Authors: Ian McDonald
‘I warned you.’
A touch on her arm: her father.
‘Come along, Rachel.’
The office door opens and two of Duncan’s security enter.
‘What do you think I’m going to do, Father?’
‘Come along, Rachel.’
Rachel Mackenzie kisses her son, then turns away from him, fast so no one will see the look on her face. Never, ever again will she let her uncle, her father, her grandfather, see the marks of the nails they have driven through her heart.
‘Mum, what’s happening?’ The door seals behind her but she can still hear the cries of her son. ‘What’s happening? I’m scared! I’m scared!’
Never let go, her father had said. Use their weapons against them.
The lock is vast, built for rovers and buses, but Marina feels a heart-clench of claustrophobia as the inlock closes behind her. While the lock chamber depressurises, Marina observes.

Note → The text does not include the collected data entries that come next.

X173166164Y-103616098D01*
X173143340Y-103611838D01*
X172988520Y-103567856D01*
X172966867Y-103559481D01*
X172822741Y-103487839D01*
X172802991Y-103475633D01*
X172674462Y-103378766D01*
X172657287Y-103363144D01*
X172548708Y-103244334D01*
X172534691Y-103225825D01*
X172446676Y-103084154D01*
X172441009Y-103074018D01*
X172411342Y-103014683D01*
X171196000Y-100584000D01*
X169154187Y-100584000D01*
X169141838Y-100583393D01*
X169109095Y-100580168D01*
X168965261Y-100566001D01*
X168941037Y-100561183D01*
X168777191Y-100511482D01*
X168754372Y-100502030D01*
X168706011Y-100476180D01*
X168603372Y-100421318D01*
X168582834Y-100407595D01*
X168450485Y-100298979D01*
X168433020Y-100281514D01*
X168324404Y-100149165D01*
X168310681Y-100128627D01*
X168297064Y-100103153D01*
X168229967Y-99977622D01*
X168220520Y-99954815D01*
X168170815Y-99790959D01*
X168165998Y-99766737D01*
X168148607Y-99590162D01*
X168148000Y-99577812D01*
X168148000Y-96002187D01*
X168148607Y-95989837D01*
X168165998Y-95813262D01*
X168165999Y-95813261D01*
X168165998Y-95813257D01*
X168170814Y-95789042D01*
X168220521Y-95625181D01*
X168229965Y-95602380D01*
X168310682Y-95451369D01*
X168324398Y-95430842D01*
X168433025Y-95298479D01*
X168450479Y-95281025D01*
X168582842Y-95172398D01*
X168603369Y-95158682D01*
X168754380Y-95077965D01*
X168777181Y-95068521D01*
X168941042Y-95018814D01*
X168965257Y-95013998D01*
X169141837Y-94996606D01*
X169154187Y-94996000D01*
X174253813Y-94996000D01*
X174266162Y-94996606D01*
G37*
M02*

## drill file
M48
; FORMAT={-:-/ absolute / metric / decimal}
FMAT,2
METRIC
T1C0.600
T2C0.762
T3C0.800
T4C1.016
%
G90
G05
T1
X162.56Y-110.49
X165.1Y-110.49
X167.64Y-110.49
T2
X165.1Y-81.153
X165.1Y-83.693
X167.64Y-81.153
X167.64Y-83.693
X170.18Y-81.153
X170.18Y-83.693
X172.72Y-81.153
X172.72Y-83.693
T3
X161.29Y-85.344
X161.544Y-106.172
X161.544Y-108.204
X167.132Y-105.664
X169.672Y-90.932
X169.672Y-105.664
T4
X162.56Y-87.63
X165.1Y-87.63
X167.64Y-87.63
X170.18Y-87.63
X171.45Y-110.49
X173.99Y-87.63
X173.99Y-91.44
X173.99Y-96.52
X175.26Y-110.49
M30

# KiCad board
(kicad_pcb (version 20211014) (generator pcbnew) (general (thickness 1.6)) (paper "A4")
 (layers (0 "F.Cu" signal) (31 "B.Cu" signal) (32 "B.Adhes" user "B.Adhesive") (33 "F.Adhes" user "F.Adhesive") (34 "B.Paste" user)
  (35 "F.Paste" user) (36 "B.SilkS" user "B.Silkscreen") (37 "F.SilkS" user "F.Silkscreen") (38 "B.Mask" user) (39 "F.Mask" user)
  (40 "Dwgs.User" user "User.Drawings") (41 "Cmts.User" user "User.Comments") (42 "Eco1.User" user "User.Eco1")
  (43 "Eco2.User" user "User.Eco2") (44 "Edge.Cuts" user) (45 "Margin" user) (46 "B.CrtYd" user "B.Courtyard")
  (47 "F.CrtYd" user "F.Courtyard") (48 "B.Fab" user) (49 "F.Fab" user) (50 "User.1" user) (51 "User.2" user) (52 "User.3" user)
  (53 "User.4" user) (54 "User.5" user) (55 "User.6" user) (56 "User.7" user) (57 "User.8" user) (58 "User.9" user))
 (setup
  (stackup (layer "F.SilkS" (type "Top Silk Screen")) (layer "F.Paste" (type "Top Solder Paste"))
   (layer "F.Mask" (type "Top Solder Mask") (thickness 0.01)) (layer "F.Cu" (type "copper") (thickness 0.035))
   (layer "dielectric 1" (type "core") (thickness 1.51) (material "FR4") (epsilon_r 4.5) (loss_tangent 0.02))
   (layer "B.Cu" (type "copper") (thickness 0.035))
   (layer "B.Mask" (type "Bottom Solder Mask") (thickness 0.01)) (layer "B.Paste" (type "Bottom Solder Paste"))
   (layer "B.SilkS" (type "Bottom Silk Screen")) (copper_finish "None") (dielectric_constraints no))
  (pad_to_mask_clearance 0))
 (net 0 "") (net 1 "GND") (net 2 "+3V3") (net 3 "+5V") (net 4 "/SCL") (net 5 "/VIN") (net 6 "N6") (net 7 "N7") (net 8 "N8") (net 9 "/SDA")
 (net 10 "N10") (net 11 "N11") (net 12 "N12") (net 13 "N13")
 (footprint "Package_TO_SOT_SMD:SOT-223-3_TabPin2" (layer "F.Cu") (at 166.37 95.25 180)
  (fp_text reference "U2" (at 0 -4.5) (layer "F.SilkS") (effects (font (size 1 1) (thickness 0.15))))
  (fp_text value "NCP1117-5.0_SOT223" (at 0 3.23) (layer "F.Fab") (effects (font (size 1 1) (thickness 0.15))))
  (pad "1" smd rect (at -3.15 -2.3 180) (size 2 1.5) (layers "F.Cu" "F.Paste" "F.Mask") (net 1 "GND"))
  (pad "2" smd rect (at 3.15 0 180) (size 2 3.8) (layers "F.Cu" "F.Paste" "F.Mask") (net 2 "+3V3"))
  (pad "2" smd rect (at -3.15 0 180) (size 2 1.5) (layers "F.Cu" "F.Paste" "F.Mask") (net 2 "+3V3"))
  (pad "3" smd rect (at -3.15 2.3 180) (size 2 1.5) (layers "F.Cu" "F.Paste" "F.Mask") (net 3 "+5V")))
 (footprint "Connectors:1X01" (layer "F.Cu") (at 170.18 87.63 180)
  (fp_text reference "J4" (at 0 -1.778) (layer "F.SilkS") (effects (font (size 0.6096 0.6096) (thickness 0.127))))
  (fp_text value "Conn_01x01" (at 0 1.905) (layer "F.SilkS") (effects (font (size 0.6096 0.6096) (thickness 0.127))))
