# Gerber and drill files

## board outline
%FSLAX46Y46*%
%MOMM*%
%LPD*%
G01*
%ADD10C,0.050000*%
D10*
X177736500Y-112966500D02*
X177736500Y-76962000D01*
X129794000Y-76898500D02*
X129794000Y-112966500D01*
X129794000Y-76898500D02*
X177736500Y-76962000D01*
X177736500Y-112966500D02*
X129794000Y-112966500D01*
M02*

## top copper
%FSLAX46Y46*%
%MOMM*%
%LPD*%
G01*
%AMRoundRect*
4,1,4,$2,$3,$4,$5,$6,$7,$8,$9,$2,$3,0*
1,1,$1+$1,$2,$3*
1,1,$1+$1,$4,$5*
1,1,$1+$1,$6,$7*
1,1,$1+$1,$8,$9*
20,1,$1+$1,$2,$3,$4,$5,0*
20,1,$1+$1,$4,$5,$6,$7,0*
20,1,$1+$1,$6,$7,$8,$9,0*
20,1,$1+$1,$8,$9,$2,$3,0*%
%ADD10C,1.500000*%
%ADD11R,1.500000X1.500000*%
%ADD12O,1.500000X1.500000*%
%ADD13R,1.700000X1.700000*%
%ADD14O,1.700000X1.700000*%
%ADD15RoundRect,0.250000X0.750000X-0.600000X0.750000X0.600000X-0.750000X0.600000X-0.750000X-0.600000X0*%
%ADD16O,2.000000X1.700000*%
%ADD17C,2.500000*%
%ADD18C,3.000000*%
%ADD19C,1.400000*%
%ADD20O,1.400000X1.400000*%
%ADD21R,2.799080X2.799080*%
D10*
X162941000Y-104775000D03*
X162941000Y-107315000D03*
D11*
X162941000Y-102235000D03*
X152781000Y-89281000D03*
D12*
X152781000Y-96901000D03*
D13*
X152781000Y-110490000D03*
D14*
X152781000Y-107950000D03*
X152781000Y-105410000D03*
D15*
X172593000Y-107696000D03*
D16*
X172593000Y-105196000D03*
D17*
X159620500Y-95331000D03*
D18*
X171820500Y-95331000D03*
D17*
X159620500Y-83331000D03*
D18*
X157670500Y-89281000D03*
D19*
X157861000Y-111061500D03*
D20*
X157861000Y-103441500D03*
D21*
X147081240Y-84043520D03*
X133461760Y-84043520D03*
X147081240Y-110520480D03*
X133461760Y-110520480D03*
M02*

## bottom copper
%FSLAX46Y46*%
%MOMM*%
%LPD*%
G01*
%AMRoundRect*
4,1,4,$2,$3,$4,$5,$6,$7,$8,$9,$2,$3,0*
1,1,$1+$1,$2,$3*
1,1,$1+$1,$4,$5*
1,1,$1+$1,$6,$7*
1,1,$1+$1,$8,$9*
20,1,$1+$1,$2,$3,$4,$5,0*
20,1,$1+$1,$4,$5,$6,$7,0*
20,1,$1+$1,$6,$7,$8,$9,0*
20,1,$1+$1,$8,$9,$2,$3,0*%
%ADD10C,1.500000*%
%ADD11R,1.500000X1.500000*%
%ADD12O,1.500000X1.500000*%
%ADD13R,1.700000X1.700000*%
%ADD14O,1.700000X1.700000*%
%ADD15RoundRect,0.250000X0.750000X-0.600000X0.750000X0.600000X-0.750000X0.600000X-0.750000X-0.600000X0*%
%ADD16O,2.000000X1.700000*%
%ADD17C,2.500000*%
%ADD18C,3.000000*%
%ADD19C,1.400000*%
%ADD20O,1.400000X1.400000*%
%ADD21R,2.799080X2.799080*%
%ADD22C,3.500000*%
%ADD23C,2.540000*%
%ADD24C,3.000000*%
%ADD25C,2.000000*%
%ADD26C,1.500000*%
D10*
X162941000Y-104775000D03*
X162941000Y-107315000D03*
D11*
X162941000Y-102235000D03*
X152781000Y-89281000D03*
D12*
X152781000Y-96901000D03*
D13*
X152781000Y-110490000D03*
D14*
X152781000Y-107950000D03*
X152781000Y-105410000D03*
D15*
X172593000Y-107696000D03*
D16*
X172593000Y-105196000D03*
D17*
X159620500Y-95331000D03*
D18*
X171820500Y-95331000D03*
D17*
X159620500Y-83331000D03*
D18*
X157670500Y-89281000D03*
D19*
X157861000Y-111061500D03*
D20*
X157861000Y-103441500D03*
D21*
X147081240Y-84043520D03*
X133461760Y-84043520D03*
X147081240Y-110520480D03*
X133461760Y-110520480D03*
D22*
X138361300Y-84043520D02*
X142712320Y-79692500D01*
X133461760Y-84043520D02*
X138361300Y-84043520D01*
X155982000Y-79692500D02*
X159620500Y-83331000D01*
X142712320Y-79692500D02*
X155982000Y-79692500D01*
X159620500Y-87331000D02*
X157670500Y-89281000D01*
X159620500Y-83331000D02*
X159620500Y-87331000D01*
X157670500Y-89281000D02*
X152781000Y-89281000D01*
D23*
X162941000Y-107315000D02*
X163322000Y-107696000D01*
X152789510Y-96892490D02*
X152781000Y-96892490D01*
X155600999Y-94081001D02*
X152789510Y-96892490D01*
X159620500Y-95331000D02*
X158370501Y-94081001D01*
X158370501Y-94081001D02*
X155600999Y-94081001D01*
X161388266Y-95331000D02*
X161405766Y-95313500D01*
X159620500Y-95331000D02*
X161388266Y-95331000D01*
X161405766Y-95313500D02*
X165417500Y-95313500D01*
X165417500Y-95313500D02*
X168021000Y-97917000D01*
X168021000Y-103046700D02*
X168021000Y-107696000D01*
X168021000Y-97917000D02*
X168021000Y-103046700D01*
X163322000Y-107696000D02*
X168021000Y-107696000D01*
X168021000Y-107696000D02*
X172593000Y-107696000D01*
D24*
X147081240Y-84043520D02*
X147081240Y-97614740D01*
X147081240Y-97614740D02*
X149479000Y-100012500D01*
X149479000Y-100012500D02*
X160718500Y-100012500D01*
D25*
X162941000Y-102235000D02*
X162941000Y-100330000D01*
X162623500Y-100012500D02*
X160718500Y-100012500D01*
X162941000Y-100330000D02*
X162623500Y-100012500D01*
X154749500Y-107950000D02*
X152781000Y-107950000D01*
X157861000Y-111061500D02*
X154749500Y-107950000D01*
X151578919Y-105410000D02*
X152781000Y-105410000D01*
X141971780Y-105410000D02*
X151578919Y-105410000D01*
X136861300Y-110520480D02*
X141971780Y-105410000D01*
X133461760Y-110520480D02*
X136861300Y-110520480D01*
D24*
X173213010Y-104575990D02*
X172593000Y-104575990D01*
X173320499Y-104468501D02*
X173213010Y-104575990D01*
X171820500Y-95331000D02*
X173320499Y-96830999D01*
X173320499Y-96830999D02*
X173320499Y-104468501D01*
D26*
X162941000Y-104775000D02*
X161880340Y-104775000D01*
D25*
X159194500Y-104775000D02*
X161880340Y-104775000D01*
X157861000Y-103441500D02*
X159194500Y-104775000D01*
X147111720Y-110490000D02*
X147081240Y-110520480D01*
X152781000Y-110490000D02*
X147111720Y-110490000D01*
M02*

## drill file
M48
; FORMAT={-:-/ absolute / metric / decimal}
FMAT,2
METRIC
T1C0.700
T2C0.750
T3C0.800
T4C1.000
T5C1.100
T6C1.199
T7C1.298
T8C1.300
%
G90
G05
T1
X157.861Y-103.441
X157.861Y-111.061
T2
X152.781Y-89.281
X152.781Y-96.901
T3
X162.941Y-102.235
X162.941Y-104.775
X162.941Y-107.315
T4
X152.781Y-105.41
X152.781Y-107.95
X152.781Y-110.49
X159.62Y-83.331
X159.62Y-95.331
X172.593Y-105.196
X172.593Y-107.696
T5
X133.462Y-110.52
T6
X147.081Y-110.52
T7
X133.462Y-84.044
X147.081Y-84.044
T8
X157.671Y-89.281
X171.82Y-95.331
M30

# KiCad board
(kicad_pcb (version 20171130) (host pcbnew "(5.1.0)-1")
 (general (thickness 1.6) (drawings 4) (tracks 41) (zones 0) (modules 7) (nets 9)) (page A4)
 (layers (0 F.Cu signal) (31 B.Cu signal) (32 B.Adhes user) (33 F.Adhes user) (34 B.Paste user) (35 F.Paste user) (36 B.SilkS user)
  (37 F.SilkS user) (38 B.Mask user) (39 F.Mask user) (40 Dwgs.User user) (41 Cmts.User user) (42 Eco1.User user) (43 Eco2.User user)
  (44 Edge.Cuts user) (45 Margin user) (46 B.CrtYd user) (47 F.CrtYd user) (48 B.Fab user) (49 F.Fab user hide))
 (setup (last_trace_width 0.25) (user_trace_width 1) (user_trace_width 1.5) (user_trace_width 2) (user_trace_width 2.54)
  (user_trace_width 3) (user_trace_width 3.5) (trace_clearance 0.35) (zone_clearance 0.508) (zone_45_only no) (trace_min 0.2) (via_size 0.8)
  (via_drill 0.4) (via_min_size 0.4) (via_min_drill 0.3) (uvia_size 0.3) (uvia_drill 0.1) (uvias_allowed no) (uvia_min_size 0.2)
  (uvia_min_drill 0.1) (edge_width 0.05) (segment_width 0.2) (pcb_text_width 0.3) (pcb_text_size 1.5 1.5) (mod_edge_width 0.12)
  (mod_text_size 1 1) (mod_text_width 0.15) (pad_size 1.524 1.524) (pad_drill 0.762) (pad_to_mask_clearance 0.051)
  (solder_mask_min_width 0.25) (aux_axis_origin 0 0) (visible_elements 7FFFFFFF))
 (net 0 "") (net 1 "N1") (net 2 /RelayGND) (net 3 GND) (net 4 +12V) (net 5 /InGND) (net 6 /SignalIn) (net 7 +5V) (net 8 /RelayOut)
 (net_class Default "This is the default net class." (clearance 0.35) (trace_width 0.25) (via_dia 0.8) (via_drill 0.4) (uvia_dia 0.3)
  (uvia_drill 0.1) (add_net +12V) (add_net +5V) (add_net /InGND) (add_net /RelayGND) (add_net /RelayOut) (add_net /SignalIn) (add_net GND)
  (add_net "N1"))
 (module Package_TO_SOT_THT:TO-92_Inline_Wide (layer F.Cu) (at 162.941 102.235 270)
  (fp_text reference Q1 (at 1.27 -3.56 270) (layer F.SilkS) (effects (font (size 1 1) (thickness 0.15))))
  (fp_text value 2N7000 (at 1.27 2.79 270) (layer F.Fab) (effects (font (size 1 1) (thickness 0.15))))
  (pad 2 thru_hole circle (at 2.54 0) (size 1.5 1.5) (drill 0.8) (layers *.Cu *.Mask) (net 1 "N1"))
  (pad 3 thru_hole circle (at 5.08 0) (size 1.5 1.5) (drill 0.8) (layers *.Cu *.Mask) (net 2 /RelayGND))
  (pad 1 thru_hole rect (at 0 0) (size 1.5 1.5) (drill 0.8) (layers *.Cu *.Mask) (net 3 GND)))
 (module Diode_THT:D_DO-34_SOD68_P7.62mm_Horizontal (layer F.Cu) (at 152.781 89.281 270)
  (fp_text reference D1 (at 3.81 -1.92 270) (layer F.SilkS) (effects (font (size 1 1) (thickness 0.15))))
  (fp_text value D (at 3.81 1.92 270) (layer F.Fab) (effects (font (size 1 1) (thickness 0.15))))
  (pad 1 thru_hole rect (at 0 0 270) (size 1.5 1.5) (drill 0.75) (layers *.Cu *.Mask) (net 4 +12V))
  (pad 2 thru_hole oval (at 7.62 0 270) (size 1.5 1.5) (drill 0.75) (layers *.Cu *.Mask) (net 2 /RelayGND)))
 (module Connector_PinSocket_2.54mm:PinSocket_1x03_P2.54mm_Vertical (layer F.Cu) (at 152.781 110.49 180)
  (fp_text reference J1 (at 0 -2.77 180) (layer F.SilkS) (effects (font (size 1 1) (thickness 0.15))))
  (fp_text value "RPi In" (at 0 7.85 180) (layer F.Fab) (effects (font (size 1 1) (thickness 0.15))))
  (pad 1 thru_hole rect (at 0 0 180) (size 1.7 1.7) (drill 1) (layers *.Cu *.Mask) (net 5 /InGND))
  (pad 2 thru_hole oval (at 0 2.54 180) (size 1.7 1.7) (drill 1) (layers *.Cu *.Mask) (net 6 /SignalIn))
  (pad 3 thru_hole oval (at 0 5.08 180) (size 1.7 1.7) (drill 1) (layers *.Cu *.Mask) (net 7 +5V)))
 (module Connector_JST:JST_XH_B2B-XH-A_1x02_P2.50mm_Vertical (layer F.Cu) (at 172.593 107.696 90)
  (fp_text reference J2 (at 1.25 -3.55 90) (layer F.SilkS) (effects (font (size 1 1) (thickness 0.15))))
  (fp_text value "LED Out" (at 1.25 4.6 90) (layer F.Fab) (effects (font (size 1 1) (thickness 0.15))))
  (pad 1 thru_hole roundrect (at 0 0 90) (size 1.7 2) (drill 1) (layers *.Cu *.Mask) (roundrect_rratio 0.147059) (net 2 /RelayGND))
  (pad 2 thru_hole oval (at 2.5 0 90) (size 1.7 2) (drill 1) (layers *.Cu *.Mask) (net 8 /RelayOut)))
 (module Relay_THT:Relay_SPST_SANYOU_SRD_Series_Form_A (layer F.Cu) (at 157.6705 89.281)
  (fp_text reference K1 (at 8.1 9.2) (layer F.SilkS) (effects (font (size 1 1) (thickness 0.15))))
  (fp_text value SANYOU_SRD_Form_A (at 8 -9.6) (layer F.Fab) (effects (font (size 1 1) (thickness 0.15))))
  (pad 2 thru_hole circle (at 1.95 6.05 90) (size 2.5 2.5) (drill 1) (layers *.Cu *.Mask) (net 2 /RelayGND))
  (pad 3 thru_hole circle (at 14.15 6.05 90) (size 3 3) (drill 1.3) (layers *.Cu *.Mask) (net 8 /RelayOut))
  (pad 5 thru_hole circle (at 1.95 -5.95 90) (size 2.5 2.5) (drill 1) (layers *.Cu *.Mask) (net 4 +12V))
  (pad 1 thru_hole circle (at 0 0 90) (size 3 3) (drill 1.3) (layers *.Cu *.Mask) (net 4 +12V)))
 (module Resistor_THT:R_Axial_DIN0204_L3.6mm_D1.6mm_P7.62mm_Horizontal (layer F.Cu) (at 157.861 111.0615 90)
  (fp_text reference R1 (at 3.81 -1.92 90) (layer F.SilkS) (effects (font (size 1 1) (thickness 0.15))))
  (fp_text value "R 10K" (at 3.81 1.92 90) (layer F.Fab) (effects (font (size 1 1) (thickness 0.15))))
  (pad 1 thru_hole circle (at 0 0 90) (size 1.4 1.4) (drill 0.7) (layers *.Cu *.Mask) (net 6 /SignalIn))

Minute observation is her way of dealing with her fear of confining spaces. Lose herself in the sensory. The crunch of dust under her boots. The dwindling hiss as air is abstracted. The tightening of the sasuit’s grip on her body as the smart weave adjusts to vacuum. Weird, the familiars hovering over the shoulders of her squad. They should be wearing virtual sasuits.
José, Saadia, Thandeka, Patience. Oleg is dead. Physics killed him. He mistook weight for mass, speed for momentum. A Joe Moonbeam error. He thought he could stop the moving freight pallet with one hand. Momentum had driven the bones of his outstretched arm through his chest and burst his heart.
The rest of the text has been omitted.